> [Input records]
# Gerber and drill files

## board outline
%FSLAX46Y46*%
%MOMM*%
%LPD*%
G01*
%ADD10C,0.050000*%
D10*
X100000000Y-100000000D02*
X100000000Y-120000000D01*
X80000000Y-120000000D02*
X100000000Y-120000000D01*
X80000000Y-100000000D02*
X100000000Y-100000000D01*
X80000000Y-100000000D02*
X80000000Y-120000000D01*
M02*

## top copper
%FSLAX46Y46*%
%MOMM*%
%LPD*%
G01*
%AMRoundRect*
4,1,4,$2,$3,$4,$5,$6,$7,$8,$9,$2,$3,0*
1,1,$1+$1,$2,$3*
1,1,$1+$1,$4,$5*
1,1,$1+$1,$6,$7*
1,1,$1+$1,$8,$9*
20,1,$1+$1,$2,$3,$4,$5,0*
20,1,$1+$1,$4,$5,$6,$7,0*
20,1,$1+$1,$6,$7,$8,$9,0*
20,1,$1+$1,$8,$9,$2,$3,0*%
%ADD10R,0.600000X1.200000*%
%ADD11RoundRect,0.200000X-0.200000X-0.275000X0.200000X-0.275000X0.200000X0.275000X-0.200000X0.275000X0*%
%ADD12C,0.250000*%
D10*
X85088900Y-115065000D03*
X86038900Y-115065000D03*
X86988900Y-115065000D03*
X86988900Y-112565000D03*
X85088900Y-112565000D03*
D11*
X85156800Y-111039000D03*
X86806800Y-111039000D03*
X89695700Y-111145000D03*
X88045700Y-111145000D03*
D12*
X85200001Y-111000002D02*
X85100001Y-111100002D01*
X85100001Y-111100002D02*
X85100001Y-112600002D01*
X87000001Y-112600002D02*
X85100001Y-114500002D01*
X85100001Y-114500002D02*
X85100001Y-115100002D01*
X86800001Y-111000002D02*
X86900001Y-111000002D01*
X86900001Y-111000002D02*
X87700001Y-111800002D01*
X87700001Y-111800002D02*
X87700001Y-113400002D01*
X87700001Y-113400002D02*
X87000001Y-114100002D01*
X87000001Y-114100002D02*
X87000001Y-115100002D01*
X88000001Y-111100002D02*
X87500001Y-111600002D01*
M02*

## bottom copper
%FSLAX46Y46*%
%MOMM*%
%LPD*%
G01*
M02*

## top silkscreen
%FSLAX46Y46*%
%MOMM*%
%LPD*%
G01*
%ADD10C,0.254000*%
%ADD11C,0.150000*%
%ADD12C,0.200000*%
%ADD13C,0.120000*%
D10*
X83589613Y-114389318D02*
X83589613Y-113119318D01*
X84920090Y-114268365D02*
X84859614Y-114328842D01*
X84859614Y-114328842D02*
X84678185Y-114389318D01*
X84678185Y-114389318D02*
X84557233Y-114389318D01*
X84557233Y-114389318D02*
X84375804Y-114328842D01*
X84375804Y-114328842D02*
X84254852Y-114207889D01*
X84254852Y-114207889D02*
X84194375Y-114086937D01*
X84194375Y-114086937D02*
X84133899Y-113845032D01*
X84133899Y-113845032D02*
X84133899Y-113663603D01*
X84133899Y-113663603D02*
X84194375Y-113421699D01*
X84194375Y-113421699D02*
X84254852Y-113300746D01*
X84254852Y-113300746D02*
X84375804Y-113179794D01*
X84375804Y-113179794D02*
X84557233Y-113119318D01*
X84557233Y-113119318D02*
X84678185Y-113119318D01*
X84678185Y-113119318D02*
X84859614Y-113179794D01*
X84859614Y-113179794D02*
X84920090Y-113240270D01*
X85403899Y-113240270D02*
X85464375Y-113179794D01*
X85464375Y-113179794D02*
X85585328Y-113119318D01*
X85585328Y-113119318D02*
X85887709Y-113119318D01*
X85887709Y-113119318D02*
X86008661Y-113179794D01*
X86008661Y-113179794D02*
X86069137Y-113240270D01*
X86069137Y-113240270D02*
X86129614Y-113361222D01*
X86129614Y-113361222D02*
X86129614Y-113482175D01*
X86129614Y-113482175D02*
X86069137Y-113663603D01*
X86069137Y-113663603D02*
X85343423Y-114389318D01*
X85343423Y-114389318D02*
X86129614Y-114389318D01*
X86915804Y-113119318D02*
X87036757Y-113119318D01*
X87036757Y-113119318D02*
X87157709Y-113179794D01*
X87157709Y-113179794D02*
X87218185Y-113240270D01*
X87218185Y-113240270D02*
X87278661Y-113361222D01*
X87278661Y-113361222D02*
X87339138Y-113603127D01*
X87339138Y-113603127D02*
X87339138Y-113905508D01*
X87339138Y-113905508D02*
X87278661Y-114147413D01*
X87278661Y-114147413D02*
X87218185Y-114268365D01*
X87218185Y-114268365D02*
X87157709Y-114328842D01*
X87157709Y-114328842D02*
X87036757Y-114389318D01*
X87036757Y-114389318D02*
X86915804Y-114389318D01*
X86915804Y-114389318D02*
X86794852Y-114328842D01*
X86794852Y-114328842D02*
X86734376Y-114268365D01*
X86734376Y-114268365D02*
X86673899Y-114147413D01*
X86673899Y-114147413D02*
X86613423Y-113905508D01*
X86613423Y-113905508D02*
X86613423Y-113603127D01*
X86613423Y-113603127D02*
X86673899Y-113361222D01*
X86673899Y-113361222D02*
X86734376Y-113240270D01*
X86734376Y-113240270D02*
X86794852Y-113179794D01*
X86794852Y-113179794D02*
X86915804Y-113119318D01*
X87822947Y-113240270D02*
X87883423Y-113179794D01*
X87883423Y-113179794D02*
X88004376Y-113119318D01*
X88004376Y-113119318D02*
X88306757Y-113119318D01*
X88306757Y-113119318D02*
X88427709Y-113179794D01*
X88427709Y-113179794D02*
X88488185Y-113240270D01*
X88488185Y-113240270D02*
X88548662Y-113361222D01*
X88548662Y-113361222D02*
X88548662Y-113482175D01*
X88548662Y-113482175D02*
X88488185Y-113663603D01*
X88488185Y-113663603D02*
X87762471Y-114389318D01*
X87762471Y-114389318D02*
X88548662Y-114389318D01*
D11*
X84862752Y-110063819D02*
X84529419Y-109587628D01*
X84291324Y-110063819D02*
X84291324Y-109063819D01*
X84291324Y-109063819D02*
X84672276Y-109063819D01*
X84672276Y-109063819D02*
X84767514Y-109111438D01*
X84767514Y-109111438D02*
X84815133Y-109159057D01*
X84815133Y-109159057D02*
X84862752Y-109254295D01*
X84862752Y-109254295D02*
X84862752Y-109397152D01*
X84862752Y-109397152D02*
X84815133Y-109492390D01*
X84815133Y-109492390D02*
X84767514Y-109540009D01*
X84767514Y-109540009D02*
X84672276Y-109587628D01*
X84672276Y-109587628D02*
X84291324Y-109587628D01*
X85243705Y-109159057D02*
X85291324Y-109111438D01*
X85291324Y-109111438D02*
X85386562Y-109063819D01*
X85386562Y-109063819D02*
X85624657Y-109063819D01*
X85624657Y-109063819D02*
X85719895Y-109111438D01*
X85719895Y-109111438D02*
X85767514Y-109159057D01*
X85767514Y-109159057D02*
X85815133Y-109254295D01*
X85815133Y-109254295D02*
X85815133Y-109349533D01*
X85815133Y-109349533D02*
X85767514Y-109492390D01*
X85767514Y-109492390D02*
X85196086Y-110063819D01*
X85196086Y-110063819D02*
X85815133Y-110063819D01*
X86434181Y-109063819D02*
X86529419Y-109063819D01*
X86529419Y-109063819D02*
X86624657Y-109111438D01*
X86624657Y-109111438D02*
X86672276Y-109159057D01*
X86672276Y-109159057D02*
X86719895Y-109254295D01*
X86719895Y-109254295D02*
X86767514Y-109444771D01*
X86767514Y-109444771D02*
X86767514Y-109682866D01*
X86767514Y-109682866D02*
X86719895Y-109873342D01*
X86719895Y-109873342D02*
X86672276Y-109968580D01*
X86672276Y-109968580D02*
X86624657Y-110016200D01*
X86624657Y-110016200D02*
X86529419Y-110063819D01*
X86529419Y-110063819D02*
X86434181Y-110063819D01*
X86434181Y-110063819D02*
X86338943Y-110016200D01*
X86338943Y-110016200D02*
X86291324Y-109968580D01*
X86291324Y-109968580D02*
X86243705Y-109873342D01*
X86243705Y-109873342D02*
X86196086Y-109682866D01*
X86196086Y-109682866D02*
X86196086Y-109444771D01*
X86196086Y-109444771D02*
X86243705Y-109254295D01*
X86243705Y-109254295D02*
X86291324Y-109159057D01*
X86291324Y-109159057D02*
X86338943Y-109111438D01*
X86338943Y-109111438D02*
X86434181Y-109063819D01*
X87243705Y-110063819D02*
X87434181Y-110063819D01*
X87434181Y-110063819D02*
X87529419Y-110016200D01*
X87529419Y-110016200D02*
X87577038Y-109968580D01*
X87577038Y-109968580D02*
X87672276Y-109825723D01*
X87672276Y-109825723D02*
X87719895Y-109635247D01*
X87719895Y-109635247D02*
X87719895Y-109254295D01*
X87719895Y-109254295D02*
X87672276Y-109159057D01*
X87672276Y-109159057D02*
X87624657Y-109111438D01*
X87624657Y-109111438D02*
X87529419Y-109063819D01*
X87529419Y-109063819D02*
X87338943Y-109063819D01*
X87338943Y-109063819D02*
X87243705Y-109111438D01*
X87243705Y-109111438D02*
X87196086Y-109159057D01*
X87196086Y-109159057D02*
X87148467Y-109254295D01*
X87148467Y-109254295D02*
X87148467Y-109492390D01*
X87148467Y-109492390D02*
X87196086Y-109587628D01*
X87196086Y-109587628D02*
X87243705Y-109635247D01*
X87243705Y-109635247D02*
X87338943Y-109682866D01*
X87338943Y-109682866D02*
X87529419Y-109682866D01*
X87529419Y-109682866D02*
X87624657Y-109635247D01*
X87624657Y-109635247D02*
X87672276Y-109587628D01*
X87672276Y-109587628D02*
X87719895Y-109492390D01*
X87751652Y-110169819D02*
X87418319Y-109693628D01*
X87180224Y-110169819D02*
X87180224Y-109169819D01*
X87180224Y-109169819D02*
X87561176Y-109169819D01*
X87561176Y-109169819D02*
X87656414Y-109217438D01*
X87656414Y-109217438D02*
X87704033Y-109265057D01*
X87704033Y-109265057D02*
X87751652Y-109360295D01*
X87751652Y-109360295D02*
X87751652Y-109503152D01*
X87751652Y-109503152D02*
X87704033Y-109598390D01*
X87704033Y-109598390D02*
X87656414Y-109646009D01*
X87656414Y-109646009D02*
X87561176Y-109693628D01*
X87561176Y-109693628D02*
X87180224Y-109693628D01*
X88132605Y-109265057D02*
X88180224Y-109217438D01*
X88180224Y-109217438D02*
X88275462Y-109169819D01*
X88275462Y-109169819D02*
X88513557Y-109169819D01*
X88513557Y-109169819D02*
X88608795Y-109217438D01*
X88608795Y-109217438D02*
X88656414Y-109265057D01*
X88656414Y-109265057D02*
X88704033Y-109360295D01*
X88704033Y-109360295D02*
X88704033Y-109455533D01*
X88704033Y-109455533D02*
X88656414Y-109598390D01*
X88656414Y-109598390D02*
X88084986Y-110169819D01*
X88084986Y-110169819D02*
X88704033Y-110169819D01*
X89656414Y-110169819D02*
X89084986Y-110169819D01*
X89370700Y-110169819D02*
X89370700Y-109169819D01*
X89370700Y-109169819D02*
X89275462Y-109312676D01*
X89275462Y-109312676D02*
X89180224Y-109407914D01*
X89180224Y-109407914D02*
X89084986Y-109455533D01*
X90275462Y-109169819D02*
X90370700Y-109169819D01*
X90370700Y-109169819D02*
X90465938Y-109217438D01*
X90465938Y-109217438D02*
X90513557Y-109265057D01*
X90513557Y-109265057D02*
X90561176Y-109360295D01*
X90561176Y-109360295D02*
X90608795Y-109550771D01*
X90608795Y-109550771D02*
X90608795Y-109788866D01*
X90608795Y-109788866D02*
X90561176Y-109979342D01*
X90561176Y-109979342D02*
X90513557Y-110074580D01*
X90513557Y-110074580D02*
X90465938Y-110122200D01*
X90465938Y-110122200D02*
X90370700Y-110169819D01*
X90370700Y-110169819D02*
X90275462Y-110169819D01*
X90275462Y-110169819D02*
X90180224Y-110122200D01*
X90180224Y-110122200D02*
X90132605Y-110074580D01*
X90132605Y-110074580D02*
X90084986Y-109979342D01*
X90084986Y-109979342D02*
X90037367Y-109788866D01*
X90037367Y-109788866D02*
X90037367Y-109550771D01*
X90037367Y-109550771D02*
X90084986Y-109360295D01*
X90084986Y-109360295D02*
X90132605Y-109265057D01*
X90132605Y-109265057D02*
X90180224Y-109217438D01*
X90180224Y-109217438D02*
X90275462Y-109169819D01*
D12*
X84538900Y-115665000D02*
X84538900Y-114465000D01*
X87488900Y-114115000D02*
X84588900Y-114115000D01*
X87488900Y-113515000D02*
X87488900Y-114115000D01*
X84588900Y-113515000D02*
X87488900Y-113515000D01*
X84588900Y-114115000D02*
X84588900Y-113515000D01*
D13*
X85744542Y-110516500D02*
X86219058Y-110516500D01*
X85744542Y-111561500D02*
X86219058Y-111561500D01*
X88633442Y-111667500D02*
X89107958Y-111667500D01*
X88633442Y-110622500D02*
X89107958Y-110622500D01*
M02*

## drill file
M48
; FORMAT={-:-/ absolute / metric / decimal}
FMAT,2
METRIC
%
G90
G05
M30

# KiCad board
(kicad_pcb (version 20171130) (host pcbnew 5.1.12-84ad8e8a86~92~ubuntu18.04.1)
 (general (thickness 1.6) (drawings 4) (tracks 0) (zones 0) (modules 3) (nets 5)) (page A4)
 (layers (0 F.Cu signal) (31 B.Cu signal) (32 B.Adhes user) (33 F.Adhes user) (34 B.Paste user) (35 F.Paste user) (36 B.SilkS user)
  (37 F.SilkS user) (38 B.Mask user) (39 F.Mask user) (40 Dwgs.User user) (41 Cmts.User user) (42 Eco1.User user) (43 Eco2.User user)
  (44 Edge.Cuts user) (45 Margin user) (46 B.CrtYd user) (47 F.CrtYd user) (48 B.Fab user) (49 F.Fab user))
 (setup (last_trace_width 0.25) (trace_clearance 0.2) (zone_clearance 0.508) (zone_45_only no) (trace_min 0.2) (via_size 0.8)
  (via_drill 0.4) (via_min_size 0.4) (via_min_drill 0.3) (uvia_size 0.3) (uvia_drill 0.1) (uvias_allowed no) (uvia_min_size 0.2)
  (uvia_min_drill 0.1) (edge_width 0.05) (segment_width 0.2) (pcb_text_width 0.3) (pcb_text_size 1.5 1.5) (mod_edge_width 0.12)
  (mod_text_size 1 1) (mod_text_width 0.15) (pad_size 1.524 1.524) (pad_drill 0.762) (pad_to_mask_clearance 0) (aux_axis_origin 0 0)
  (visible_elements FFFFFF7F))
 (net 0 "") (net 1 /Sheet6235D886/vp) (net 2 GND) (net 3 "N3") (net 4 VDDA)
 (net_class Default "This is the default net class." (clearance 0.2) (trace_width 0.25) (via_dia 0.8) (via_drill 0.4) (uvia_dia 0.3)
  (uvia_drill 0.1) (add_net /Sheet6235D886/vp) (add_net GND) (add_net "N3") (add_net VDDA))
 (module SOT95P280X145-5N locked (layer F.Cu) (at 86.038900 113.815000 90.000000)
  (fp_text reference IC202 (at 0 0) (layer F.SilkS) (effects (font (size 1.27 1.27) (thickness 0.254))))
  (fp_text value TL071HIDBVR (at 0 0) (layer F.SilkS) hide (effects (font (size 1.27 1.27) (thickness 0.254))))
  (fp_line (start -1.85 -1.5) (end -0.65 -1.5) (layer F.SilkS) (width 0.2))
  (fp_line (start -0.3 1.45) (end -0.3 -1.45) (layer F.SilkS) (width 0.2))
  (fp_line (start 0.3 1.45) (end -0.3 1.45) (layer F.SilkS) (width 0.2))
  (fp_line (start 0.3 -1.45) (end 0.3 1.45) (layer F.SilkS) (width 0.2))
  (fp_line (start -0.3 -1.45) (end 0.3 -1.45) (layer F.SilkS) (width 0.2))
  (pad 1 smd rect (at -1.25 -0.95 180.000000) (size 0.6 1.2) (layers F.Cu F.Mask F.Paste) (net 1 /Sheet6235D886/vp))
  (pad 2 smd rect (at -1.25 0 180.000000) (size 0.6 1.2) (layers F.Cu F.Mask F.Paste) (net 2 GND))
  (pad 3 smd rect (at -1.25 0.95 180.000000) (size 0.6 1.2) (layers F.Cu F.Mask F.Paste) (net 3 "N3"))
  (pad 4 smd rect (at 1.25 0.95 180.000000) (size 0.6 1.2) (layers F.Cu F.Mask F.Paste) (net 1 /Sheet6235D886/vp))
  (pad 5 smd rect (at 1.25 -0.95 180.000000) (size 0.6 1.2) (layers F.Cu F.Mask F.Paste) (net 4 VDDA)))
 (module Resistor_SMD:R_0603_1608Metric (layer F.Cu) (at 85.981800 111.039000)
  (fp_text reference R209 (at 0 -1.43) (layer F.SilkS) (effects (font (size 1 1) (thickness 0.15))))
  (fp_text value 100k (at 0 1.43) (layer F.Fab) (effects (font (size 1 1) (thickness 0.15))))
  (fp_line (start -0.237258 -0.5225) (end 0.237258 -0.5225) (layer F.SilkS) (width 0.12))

> [Goal of the exercise]
Copy out precisely the lines from the line with "X90275462Y-109169819D02*" to the line with "# KiCad board" in the material above, including those two lines and omitting all the rest.

> [Solved exercise]
X90275462Y-109169819D02*
X90370700Y-109169819D01*
X90370700Y-109169819D02*
X90465938Y-109217438D01*
X90465938Y-109217438D02*
X90513557Y-109265057D01*
X90513557Y-109265057D02*
X90561176Y-109360295D01*
X90561176Y-109360295D02*
X90608795Y-109550771D01*
X90608795Y-109550771D02*
X90608795Y-109788866D01*
X90608795Y-109788866D02*
X90561176Y-109979342D01*
X90561176Y-109979342D02*
X90513557Y-110074580D01*
X90513557Y-110074580D02*
X90465938Y-110122200D01*
X90465938Y-110122200D02*
X90370700Y-110169819D01*
X90370700Y-110169819D02*
X90275462Y-110169819D01*
X90275462Y-110169819D02*
X90180224Y-110122200D01*
X90180224Y-110122200D02*
X90132605Y-110074580D01*
X90132605Y-110074580D02*
X90084986Y-109979342D01*
X90084986Y-109979342D02*
X90037367Y-109788866D01*
X90037367Y-109788866D02*
X90037367Y-109550771D01*
X90037367Y-109550771D02*
X90084986Y-109360295D01*
X90084986Y-109360295D02*
X90132605Y-109265057D01*
X90132605Y-109265057D02*
X90180224Y-109217438D01*
X90180224Y-109217438D02*
X90275462Y-109169819D01*
D12*
X84538900Y-115665000D02*
X84538900Y-114465000D01*
X87488900Y-114115000D02*
X84588900Y-114115000D01*
X87488900Y-113515000D02*
X87488900Y-114115000D01*
X84588900Y-113515000D02*
X87488900Y-113515000D01*
X84588900Y-114115000D02*
X84588900Y-113515000D01*
D13*
X85744542Y-110516500D02*
X86219058Y-110516500D01*
X85744542Y-111561500D02*
X86219058Y-111561500D01*
X88633442Y-111667500D02*
X89107958Y-111667500D01*
X88633442Y-110622500D02*
X89107958Y-110622500D01*
M02*

## drill file
M48
; FORMAT={-:-/ absolute / metric / decimal}
FMAT,2
METRIC
%
G90
G05
M30

# KiCad board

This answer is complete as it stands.